Daily vitamins have helped.
So has a healthy diet and a relentless fitness regimen.
But the seemingly ageless Tina Thompson is still 38, no matter how many times she denies herself fast-food French fries. In WNBA time, or by any standards for a professional athlete, that's pretty old.
What hasn't gotten old is Thompson's game, which is why the announcement of her retirement at the end of this season is sad for the WNBA, even though, at the same time, it is completely understandable and somewhat expected.
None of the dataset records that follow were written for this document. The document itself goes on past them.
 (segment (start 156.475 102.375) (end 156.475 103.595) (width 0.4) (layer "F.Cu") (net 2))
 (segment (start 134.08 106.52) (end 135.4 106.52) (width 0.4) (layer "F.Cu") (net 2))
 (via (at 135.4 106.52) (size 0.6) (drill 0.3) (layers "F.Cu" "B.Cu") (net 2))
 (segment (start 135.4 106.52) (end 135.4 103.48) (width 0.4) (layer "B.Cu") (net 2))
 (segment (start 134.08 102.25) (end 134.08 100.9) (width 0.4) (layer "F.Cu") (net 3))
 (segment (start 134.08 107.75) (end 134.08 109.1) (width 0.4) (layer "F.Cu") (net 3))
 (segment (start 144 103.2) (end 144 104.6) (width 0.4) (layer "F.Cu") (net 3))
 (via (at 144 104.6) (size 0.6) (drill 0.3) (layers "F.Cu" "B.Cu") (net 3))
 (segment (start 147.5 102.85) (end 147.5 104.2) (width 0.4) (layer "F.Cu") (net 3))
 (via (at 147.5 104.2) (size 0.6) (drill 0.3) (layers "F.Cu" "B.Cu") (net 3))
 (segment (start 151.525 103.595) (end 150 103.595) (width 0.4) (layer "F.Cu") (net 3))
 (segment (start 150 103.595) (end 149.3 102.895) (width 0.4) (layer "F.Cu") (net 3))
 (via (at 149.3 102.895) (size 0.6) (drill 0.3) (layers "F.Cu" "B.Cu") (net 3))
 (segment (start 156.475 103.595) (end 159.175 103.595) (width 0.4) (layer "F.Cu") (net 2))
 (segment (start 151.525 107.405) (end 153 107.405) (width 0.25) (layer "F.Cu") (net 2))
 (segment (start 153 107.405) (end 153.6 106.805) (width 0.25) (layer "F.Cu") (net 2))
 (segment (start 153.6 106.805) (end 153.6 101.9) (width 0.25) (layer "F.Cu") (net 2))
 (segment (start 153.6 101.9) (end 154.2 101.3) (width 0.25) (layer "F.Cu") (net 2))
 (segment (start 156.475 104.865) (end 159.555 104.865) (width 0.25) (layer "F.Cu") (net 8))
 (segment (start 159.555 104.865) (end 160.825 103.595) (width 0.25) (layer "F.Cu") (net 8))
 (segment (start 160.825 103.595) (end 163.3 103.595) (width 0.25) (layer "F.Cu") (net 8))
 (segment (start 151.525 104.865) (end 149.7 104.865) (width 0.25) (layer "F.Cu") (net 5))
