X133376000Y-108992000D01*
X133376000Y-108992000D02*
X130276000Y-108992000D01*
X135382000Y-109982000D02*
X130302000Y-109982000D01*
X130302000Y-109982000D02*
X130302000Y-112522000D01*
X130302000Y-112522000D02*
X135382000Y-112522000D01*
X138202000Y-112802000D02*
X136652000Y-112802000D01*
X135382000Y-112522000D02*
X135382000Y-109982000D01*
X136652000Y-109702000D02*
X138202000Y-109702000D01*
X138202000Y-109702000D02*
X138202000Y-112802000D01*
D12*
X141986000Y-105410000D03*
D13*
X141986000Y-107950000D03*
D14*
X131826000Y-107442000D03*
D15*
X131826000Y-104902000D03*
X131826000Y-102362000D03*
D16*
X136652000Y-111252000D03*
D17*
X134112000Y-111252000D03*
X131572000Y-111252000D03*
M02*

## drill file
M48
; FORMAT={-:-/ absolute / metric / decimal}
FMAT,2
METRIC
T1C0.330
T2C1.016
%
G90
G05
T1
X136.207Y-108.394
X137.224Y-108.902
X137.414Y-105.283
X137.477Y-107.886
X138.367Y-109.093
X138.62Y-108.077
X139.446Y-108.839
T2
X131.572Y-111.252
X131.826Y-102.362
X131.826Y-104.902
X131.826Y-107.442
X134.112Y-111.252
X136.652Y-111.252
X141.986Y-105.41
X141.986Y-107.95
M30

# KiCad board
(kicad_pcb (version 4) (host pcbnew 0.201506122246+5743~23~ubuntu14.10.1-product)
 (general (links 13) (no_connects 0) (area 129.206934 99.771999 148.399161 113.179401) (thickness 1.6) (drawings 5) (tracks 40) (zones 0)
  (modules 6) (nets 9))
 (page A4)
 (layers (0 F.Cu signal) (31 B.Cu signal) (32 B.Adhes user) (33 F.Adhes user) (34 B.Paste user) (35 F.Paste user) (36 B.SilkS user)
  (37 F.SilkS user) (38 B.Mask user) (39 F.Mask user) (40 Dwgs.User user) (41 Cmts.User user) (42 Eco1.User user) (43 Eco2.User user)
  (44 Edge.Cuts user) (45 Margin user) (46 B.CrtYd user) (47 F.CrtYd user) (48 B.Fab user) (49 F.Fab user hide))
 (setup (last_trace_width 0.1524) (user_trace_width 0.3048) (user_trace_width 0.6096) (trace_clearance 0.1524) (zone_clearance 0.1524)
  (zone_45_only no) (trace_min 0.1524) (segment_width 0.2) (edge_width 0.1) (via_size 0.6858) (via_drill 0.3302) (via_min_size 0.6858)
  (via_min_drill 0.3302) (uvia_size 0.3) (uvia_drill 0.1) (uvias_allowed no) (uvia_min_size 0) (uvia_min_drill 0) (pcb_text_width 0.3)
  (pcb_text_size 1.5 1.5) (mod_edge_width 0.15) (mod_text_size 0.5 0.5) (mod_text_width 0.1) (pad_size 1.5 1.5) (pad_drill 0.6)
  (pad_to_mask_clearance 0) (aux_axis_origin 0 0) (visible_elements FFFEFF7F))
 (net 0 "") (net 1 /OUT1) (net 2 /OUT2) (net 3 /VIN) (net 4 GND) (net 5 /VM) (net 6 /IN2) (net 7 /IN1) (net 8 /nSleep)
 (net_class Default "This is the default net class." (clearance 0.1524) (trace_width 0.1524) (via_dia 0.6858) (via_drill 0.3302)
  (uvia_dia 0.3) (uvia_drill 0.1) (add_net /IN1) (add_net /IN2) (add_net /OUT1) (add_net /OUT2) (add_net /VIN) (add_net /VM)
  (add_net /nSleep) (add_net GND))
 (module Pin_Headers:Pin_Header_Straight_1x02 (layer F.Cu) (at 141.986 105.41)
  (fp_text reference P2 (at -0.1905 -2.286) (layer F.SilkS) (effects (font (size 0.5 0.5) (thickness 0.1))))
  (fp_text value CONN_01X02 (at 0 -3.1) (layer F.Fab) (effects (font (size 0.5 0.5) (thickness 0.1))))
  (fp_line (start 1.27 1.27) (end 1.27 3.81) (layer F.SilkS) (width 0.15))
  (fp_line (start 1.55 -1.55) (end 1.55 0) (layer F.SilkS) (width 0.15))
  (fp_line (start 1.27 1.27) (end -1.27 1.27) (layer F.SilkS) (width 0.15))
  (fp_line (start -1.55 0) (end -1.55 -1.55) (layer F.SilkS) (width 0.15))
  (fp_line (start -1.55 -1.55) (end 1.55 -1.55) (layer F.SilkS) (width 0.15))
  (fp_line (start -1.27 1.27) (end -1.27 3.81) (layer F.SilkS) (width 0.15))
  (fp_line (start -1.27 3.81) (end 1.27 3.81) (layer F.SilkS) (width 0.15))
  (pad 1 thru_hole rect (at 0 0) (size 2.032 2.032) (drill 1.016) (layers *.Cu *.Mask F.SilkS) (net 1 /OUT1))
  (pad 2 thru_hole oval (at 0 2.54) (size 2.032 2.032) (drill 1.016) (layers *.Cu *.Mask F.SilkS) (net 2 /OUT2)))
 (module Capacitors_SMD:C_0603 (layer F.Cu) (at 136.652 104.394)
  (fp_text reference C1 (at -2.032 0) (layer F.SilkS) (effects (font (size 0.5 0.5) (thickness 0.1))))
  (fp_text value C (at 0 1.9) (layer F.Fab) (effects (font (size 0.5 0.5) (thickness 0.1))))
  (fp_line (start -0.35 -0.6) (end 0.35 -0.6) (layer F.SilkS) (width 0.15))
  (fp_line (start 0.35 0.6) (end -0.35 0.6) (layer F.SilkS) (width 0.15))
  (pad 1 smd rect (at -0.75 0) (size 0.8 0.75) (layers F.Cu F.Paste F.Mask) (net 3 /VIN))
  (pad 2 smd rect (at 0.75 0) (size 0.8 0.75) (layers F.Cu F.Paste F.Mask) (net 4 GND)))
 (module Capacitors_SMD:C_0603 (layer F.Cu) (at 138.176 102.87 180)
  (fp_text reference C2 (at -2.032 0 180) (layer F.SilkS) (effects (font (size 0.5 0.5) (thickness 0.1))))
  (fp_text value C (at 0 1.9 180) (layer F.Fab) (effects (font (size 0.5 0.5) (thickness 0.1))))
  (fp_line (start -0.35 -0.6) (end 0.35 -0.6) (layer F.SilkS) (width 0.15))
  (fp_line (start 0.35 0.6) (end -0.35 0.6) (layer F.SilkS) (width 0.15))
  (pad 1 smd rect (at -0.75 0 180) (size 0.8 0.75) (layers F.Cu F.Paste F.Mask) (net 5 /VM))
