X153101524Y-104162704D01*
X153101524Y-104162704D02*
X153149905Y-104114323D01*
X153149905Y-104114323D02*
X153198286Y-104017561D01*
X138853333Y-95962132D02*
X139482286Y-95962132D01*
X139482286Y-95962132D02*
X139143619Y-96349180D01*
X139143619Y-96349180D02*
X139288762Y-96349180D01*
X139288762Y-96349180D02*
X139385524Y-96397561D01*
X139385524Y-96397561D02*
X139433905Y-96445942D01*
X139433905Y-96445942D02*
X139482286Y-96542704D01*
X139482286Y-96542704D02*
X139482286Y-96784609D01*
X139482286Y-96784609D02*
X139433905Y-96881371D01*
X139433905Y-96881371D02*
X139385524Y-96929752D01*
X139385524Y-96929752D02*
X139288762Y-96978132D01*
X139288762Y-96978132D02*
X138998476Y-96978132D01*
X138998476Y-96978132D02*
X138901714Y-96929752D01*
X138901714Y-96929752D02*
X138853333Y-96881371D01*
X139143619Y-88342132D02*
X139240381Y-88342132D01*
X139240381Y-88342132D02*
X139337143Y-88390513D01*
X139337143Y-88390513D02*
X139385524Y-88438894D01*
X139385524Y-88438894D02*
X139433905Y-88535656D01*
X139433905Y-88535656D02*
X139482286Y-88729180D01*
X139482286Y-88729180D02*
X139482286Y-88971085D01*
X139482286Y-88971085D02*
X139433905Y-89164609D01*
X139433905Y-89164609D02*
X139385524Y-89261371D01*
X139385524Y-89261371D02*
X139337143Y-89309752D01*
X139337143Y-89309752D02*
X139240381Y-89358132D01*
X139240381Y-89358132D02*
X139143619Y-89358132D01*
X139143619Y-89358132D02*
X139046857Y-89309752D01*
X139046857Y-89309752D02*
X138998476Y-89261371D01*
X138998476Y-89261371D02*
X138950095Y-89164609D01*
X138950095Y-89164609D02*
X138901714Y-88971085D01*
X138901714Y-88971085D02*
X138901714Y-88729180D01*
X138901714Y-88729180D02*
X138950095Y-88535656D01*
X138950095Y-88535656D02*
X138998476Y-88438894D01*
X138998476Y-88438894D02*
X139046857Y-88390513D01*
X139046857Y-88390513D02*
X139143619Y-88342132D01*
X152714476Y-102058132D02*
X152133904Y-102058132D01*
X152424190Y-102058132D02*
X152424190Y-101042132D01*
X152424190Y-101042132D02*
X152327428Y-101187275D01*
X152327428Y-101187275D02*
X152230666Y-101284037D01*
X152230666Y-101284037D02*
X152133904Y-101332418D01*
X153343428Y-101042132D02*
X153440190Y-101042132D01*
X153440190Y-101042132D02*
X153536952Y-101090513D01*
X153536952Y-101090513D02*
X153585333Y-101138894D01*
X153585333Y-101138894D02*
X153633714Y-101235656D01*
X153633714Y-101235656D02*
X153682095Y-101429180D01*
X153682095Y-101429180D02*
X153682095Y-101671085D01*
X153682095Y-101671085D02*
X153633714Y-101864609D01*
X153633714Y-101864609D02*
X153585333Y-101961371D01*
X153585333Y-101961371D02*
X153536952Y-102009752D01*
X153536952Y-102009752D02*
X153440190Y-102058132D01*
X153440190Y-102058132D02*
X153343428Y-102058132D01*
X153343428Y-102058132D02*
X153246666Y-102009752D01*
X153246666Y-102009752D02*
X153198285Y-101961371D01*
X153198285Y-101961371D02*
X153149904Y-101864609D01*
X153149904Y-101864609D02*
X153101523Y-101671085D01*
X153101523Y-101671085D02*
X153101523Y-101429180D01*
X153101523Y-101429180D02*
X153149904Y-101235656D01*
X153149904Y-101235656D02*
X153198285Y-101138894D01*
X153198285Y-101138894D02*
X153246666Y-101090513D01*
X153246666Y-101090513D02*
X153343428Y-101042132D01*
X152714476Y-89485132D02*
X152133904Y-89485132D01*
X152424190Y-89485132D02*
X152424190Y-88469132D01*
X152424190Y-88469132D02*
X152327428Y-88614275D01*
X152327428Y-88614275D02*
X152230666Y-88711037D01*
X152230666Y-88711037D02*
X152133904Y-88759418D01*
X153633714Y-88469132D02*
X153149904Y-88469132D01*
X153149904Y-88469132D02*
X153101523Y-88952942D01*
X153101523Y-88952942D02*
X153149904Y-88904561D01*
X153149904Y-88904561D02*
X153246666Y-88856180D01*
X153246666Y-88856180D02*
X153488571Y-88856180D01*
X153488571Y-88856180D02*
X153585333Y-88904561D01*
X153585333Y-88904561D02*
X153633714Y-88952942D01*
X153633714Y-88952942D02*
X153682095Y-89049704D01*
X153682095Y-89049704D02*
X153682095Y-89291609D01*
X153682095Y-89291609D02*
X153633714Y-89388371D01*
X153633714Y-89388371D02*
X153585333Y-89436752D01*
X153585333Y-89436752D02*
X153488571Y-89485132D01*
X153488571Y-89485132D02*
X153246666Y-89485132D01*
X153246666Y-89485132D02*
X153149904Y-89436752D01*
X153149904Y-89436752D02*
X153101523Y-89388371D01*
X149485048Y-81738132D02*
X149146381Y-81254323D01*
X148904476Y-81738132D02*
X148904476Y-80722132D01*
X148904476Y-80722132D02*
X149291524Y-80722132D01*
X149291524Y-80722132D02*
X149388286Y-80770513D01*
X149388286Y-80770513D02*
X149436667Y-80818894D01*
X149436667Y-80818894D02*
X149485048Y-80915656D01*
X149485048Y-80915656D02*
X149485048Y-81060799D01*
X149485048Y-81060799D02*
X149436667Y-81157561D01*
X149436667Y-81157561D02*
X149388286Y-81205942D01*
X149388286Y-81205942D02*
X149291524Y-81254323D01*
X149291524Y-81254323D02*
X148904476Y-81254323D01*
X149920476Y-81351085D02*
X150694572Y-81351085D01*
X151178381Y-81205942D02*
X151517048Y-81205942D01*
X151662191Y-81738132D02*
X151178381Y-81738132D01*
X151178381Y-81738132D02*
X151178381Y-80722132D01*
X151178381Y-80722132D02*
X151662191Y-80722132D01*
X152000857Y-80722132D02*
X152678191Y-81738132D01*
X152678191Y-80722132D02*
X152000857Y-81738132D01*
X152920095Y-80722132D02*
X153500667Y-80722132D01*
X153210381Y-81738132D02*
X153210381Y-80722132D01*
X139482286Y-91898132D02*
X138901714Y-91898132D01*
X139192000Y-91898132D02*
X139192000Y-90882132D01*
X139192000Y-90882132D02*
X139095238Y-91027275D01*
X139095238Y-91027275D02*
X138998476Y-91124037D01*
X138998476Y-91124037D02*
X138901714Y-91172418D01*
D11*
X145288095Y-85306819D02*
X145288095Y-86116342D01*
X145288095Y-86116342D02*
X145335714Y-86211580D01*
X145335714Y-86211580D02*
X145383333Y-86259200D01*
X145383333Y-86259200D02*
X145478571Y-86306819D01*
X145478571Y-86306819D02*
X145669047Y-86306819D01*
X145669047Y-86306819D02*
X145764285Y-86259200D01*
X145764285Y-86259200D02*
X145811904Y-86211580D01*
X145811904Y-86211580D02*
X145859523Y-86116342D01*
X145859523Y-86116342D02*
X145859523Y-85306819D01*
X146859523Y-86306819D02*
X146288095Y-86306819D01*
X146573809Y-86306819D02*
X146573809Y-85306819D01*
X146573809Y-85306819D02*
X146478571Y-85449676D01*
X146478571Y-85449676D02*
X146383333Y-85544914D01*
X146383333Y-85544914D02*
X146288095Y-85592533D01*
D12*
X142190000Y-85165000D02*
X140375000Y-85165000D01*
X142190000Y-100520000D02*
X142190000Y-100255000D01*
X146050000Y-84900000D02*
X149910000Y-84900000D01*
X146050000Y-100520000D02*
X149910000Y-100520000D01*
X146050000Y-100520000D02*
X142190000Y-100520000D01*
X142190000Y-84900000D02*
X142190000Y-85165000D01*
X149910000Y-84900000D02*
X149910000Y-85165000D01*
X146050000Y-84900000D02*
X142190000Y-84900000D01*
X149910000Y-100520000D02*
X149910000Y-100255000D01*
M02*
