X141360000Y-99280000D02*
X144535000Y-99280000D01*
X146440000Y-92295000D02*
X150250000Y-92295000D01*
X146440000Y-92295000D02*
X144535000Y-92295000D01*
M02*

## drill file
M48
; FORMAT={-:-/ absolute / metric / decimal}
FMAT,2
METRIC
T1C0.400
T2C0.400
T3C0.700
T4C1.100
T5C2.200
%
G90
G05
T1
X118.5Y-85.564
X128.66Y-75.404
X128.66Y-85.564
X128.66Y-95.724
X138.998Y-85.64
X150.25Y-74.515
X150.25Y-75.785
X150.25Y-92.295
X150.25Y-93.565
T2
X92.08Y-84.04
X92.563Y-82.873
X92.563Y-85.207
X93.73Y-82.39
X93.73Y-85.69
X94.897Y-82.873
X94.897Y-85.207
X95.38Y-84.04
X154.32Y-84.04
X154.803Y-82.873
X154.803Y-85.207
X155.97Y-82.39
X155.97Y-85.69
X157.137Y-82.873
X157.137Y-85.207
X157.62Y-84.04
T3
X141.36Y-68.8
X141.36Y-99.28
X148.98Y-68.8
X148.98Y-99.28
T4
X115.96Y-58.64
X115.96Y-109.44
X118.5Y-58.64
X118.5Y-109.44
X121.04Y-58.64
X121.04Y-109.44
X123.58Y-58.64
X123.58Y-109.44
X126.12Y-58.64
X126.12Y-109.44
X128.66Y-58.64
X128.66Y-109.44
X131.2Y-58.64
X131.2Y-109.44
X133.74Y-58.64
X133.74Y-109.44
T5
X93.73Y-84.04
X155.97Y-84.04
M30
Thompson is in the midst of her 17th WNBA season and will be in Chicago on Tuesday for likely the last time as a player as her Seattle Storm takes on the Sky at Allstate Arena (7 p.m., U Too). The 6-foot-2 forward was a rookie in 1997, the WNBA's inaugural season, and was the league's first draft pick.
That makes Thompson the one and only player to have played in all 17 WNBA seasons.
“I'm just simply tired,” Thompson said on a teleconference Thursday when asked why she picked this season to retire. “I'm tired of the long days. I'm just at a place where I want to do something a little less strenuous, both mentally and physically.”
And yet, it seems as if the grind has hardly taken a toll on Thompson, who is also looking forward to spending more time with her 8-year-old son Dyllan.
She is the picture of longevity and durability and productivity. She has played in 470 games, the most in WNBA history. That's almost 30 games per season in a league that plays a 34-game schedule.
Along the way, Thompson has logged 15,333 minutes and 7,124 points, both the most in WNBA history.
Even now, in her 17th and final season, she is leading her team in scoring at 14.4 points per game while playing a hefty 27.5 minutes per game.
“Part of it is good old-fashioned hard work, making sure that I maintain a level of fitness throughout the year, as well as just eating very well. I don't eat junk food or fast food or anything like that,” said Thompson, explaining the secret to her longevity. “I take a lot of vitamins. I take vitamins every day. For the most part I just take care of the product which is my body. I make sure that I'm in a fit place, a healthy place so that I'm able to just maintain.”
What Thompson, an eight-time all-star, has maintained is a standard of excellence that goes beyond just personal statistics.
Besides all the points, rebounds and minutes she's rolled up, Thompson has also been a part of four WNBA titles, including the league's first with Houston in 1997.
Thompson played 12 seasons in Houston before landing in Los Angeles. She played three seasons with the Sparks and has spent the last two seasons with the Storm. In all, she's been on 12 playoff teams.
“I've had a very long career, a very successful one, I've been able to achieve some things that I never even thought I would be able to do,” said Thompson, who is interested in sports broadcasting or even law school in the future. “I'm comfortable with where I am right now. Maybe on the last day (of the season emotions will be high), but right now it's not an emotional thing at all.
“I'm really happy that I've been able to play this long. No one in the WNBA has been able to do it thus far. So, I'm really OK and comfortable with where I'm at right now.”